The classification of tertiary education in Malaysia is organized upon the Malaysian Qualifications Framework (MQF) which seeks to set up a unified system of post secondary qualifications offered on a national basis both in the vocational as well as higher educational sectors. In 2004, the government formed the Ministry of Higher Education to oversee tertiary education in Malaysia. The ministry is headed by Mustapa Mohamed at that time.
There are a number of public universities established in Malaysia. The academic independence of public universities' faculty has been questioned. Critics like Bakri Musa cite examples such as a scientist who was reprimanded by Deputy Prime Minister Najib Razak for "publishing studies on air pollution", and a professor of mathematics at Universiti Kebangsaan Malaysia who was reproved for criticising the government policy of teaching mathematics and science in English at the primary and secondary levels.

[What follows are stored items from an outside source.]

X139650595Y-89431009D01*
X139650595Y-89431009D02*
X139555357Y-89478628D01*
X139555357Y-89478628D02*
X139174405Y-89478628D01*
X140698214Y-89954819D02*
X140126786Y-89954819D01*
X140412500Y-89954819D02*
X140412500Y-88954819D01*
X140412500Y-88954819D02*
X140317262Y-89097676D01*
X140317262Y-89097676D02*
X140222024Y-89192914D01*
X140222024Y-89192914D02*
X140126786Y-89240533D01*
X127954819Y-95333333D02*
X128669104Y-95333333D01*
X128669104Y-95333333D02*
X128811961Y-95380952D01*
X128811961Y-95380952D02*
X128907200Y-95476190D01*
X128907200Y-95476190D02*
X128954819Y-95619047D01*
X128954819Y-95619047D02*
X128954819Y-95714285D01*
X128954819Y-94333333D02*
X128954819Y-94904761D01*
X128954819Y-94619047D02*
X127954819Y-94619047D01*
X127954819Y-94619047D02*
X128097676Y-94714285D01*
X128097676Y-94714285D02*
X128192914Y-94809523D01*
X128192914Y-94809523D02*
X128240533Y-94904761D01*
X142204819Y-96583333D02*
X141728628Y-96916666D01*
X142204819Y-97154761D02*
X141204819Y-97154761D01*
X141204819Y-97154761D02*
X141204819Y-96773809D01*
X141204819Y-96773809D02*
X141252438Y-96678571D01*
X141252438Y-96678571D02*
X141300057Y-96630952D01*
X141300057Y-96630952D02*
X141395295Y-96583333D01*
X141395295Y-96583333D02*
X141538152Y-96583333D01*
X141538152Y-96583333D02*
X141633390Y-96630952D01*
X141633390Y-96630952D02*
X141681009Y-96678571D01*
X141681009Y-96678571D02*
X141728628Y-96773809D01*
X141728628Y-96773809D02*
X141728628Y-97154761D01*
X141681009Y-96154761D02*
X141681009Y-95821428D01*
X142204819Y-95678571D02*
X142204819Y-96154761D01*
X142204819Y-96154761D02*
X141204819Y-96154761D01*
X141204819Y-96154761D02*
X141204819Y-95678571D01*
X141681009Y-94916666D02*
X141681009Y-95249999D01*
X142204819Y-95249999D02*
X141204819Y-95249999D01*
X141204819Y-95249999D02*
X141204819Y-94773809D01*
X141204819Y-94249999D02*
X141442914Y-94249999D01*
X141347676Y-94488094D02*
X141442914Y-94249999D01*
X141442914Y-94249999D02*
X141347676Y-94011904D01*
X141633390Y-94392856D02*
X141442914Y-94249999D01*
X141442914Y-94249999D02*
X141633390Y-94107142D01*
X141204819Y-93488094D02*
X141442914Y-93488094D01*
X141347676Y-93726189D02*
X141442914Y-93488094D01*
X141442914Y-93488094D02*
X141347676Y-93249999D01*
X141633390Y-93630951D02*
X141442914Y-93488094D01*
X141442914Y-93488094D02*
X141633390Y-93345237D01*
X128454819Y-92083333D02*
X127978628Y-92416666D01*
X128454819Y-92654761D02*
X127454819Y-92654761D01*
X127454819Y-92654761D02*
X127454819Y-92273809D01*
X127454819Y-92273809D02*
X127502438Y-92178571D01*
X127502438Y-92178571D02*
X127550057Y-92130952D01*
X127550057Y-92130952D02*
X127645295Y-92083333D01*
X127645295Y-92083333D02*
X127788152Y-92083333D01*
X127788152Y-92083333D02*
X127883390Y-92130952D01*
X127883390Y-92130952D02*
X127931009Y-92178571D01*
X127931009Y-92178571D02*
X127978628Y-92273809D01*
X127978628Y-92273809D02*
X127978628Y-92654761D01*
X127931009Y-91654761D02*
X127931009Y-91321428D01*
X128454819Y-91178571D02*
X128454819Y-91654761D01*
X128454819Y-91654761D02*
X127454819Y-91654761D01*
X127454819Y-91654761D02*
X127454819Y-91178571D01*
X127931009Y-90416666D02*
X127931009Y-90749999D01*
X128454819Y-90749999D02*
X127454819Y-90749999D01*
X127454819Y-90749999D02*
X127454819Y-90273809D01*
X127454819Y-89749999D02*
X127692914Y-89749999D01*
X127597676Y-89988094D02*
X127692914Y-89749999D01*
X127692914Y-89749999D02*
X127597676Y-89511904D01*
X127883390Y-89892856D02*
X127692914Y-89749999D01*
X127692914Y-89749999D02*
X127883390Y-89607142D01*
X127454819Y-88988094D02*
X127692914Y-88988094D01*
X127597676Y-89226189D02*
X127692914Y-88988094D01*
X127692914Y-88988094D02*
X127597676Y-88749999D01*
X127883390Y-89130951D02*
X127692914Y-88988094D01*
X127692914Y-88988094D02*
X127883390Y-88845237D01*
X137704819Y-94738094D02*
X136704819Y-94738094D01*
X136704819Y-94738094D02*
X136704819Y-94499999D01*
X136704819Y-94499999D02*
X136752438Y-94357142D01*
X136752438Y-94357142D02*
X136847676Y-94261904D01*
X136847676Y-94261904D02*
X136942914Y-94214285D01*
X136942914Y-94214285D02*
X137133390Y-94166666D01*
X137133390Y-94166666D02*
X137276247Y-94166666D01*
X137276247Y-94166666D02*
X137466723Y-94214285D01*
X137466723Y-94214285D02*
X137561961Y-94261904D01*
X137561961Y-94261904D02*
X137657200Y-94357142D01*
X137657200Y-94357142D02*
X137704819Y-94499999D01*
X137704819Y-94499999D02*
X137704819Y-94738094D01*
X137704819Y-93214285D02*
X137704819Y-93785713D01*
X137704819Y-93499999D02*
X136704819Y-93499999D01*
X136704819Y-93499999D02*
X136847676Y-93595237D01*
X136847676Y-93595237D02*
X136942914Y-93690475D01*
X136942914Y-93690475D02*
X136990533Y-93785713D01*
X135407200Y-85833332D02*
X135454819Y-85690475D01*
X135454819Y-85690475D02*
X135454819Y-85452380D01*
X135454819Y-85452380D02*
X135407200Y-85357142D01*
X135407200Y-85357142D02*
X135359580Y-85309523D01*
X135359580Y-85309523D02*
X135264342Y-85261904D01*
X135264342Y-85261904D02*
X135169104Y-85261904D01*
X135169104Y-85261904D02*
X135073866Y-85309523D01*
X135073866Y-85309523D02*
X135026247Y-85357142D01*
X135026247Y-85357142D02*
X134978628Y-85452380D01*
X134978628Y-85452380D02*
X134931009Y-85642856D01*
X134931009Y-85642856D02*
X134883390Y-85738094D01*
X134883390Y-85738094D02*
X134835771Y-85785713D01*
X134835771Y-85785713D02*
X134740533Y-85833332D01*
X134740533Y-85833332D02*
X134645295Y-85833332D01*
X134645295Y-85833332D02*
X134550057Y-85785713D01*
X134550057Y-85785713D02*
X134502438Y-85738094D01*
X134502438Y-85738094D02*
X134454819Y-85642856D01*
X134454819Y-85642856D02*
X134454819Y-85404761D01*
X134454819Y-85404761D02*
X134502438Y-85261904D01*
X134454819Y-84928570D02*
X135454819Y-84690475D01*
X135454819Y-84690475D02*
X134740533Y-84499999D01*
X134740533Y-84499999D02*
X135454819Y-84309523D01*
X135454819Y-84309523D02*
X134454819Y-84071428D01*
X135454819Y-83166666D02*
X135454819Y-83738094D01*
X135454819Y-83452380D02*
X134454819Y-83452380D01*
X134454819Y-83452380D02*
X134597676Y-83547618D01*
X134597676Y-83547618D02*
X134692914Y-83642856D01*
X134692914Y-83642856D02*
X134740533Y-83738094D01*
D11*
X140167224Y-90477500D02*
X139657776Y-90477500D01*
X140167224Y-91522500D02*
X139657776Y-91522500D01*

Students also have the option of enrolling in private tertiary institutions after secondary studies. Private universities are also gaining a reputation for international quality education and students from all over the world attend these universities. Many of these institutions offer courses in cooperation with a foreign institute or university, especially in the United States, the United Kingdom and Australia, allowing students to spend a portion of their course duration abroad as well as getting overseas qualifications. One such example is SEGi University College which partnered with University of Abertay Dundee.

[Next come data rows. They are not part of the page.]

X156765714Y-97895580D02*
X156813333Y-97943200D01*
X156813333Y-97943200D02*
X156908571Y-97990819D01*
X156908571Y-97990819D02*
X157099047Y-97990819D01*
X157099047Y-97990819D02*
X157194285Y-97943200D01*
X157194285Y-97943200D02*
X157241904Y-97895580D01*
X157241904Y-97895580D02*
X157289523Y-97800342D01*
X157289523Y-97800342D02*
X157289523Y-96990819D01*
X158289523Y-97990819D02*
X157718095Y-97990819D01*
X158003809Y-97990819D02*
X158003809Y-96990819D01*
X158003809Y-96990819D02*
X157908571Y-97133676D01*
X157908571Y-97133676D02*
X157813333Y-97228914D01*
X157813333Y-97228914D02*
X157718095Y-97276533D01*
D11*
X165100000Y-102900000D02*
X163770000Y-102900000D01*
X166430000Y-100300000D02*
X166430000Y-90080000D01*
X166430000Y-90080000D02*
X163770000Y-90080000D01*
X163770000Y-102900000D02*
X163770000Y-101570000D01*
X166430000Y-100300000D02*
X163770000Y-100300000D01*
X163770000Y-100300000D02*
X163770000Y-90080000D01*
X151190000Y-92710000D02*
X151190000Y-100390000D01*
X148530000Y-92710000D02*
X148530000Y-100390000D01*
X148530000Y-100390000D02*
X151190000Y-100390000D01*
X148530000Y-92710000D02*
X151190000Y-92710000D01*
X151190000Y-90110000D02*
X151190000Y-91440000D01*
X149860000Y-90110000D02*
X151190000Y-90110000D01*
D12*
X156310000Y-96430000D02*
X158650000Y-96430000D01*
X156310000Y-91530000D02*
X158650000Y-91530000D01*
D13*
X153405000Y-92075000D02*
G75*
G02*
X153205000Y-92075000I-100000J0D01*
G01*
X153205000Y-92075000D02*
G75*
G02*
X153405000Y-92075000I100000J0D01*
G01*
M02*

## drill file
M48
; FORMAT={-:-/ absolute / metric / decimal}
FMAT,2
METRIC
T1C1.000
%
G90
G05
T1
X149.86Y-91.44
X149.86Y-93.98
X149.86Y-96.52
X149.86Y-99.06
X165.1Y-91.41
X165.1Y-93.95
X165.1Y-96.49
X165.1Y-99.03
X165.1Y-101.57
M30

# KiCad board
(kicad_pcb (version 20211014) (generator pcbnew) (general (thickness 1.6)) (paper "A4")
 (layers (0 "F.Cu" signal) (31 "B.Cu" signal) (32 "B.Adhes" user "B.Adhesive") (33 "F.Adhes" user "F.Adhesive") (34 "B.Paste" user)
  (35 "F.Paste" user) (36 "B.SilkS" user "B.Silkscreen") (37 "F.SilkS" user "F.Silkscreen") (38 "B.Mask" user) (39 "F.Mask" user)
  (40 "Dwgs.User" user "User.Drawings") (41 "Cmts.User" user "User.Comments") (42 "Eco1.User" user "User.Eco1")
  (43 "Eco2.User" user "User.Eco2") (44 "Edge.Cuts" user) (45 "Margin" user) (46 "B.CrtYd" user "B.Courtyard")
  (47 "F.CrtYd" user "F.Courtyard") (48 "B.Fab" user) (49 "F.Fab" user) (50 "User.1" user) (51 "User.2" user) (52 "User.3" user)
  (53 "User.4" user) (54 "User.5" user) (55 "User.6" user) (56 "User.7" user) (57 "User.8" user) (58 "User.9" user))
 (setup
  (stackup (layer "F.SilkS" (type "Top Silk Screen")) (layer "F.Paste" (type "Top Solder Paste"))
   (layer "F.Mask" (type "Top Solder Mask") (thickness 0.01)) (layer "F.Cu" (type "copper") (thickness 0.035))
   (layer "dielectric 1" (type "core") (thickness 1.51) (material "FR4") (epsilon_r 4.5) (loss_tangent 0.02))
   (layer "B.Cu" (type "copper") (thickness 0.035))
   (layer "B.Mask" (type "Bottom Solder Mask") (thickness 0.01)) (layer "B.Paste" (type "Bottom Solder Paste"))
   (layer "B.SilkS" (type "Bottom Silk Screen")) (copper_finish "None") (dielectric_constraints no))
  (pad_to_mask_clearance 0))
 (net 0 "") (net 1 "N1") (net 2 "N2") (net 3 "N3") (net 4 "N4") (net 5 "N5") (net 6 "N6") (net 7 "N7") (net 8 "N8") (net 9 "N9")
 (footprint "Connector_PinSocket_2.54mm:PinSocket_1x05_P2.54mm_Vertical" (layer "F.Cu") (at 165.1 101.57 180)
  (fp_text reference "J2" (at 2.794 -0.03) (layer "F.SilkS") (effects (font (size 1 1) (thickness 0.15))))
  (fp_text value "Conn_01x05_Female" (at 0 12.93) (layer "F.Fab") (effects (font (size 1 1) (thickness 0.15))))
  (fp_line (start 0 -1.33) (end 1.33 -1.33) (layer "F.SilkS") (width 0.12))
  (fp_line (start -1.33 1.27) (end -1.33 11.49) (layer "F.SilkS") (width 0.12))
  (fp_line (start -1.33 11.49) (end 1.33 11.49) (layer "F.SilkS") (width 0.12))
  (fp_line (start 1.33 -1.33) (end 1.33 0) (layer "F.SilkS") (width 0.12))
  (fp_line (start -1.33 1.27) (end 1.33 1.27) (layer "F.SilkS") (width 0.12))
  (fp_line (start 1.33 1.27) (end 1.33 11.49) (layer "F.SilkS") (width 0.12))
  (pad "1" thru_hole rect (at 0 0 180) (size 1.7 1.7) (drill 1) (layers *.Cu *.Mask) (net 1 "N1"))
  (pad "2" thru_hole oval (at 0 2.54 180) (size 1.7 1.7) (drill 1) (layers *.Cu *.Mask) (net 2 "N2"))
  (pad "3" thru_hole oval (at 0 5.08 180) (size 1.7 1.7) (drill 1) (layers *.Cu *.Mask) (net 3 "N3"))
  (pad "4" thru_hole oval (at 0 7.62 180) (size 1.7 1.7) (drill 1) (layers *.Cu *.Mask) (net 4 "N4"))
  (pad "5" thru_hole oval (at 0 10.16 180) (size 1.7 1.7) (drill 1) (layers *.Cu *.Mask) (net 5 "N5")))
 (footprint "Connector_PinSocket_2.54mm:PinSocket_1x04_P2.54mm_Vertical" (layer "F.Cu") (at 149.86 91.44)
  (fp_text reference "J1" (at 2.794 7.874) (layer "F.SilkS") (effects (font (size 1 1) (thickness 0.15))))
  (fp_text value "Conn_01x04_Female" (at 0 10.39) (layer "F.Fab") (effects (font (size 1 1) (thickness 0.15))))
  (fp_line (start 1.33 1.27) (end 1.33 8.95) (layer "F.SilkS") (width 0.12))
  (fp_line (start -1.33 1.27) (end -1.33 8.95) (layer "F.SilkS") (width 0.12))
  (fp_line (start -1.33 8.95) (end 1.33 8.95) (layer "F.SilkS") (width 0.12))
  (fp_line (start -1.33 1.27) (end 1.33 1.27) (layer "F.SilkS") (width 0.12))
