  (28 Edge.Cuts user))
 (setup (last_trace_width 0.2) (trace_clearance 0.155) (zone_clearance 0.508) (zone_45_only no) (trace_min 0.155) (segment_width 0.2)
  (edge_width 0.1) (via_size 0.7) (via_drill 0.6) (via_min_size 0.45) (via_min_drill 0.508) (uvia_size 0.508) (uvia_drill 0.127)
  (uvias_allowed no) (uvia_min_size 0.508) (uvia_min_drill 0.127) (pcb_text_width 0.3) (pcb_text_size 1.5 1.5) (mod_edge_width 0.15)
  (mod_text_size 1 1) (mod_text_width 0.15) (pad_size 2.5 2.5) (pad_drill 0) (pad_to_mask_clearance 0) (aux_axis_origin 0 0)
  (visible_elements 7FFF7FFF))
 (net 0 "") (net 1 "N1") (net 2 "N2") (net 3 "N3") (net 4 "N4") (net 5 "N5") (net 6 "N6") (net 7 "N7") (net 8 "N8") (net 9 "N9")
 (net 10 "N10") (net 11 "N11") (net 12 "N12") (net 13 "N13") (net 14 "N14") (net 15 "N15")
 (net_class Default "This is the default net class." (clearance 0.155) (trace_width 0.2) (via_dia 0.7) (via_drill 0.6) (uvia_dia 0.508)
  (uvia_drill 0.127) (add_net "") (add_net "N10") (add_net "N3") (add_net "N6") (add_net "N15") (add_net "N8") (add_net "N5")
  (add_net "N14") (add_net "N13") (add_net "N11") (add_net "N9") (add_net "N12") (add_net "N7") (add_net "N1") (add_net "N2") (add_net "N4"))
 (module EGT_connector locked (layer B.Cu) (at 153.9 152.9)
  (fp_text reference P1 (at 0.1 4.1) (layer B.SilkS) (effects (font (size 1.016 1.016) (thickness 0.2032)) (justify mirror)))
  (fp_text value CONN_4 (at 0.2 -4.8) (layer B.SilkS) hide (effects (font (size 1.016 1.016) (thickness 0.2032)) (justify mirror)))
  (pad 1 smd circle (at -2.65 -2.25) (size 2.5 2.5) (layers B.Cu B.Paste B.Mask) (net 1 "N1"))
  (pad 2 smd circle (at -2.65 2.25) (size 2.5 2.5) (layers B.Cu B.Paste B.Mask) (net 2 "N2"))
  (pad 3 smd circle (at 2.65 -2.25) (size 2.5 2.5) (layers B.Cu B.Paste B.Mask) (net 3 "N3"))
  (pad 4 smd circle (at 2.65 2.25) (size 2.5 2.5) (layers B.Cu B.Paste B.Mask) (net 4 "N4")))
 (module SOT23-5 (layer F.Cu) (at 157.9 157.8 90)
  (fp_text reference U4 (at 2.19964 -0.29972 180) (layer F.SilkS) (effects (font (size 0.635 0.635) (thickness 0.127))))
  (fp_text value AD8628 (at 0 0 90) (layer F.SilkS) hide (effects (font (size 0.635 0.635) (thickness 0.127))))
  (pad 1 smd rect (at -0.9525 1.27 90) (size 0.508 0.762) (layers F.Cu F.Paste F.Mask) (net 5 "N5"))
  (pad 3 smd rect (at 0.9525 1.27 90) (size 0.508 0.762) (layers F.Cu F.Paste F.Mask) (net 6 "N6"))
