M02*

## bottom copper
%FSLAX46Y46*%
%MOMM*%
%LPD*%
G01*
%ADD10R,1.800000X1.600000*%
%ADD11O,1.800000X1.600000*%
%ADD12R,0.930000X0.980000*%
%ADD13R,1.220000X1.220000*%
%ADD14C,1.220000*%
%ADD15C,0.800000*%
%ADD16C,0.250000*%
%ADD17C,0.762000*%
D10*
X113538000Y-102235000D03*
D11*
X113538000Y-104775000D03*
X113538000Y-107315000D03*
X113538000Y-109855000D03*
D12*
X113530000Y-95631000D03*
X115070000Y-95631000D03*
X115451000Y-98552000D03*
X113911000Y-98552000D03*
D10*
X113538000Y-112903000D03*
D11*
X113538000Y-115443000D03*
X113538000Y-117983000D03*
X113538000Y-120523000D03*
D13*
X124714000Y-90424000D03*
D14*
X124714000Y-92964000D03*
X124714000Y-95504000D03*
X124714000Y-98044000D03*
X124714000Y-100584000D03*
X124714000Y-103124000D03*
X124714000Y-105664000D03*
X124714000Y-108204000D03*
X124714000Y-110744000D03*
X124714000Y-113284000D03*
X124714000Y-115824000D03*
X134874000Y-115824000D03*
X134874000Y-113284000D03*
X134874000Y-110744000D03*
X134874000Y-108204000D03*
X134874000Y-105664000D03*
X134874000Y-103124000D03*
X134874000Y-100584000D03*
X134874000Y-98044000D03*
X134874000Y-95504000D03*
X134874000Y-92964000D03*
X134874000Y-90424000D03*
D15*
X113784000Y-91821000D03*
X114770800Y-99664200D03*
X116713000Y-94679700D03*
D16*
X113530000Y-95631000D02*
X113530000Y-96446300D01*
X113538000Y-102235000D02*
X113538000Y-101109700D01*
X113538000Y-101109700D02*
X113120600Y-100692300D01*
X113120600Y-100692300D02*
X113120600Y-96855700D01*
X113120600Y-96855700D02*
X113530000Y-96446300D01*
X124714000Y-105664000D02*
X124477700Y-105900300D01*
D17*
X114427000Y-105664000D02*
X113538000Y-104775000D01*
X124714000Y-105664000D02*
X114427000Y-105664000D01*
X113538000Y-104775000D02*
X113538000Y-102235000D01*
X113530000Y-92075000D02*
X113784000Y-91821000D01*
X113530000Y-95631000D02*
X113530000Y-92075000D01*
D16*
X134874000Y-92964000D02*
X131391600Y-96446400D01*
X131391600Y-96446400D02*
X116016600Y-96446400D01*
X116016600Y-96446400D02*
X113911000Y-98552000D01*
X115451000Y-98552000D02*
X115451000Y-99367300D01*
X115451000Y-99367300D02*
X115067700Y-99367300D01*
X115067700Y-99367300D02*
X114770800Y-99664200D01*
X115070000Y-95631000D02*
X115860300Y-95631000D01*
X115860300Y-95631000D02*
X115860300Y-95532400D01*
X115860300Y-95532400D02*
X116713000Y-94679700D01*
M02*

Many private colleges offer program whereby the student does part of his degree course here and part of it in the other institution, this method is named "twinning". The nature of these programs is somewhat diverse and ranges from the full "twinning" program where all credits and transcripts are transferable and admission is automatic to programs where the local institution offers an "associate degree" which is accepted at the discretion of the partnering university. In the latter case, acceptance of transcripts and credits is at the discretion of the partner. Some of them are branch campuses of these foreign...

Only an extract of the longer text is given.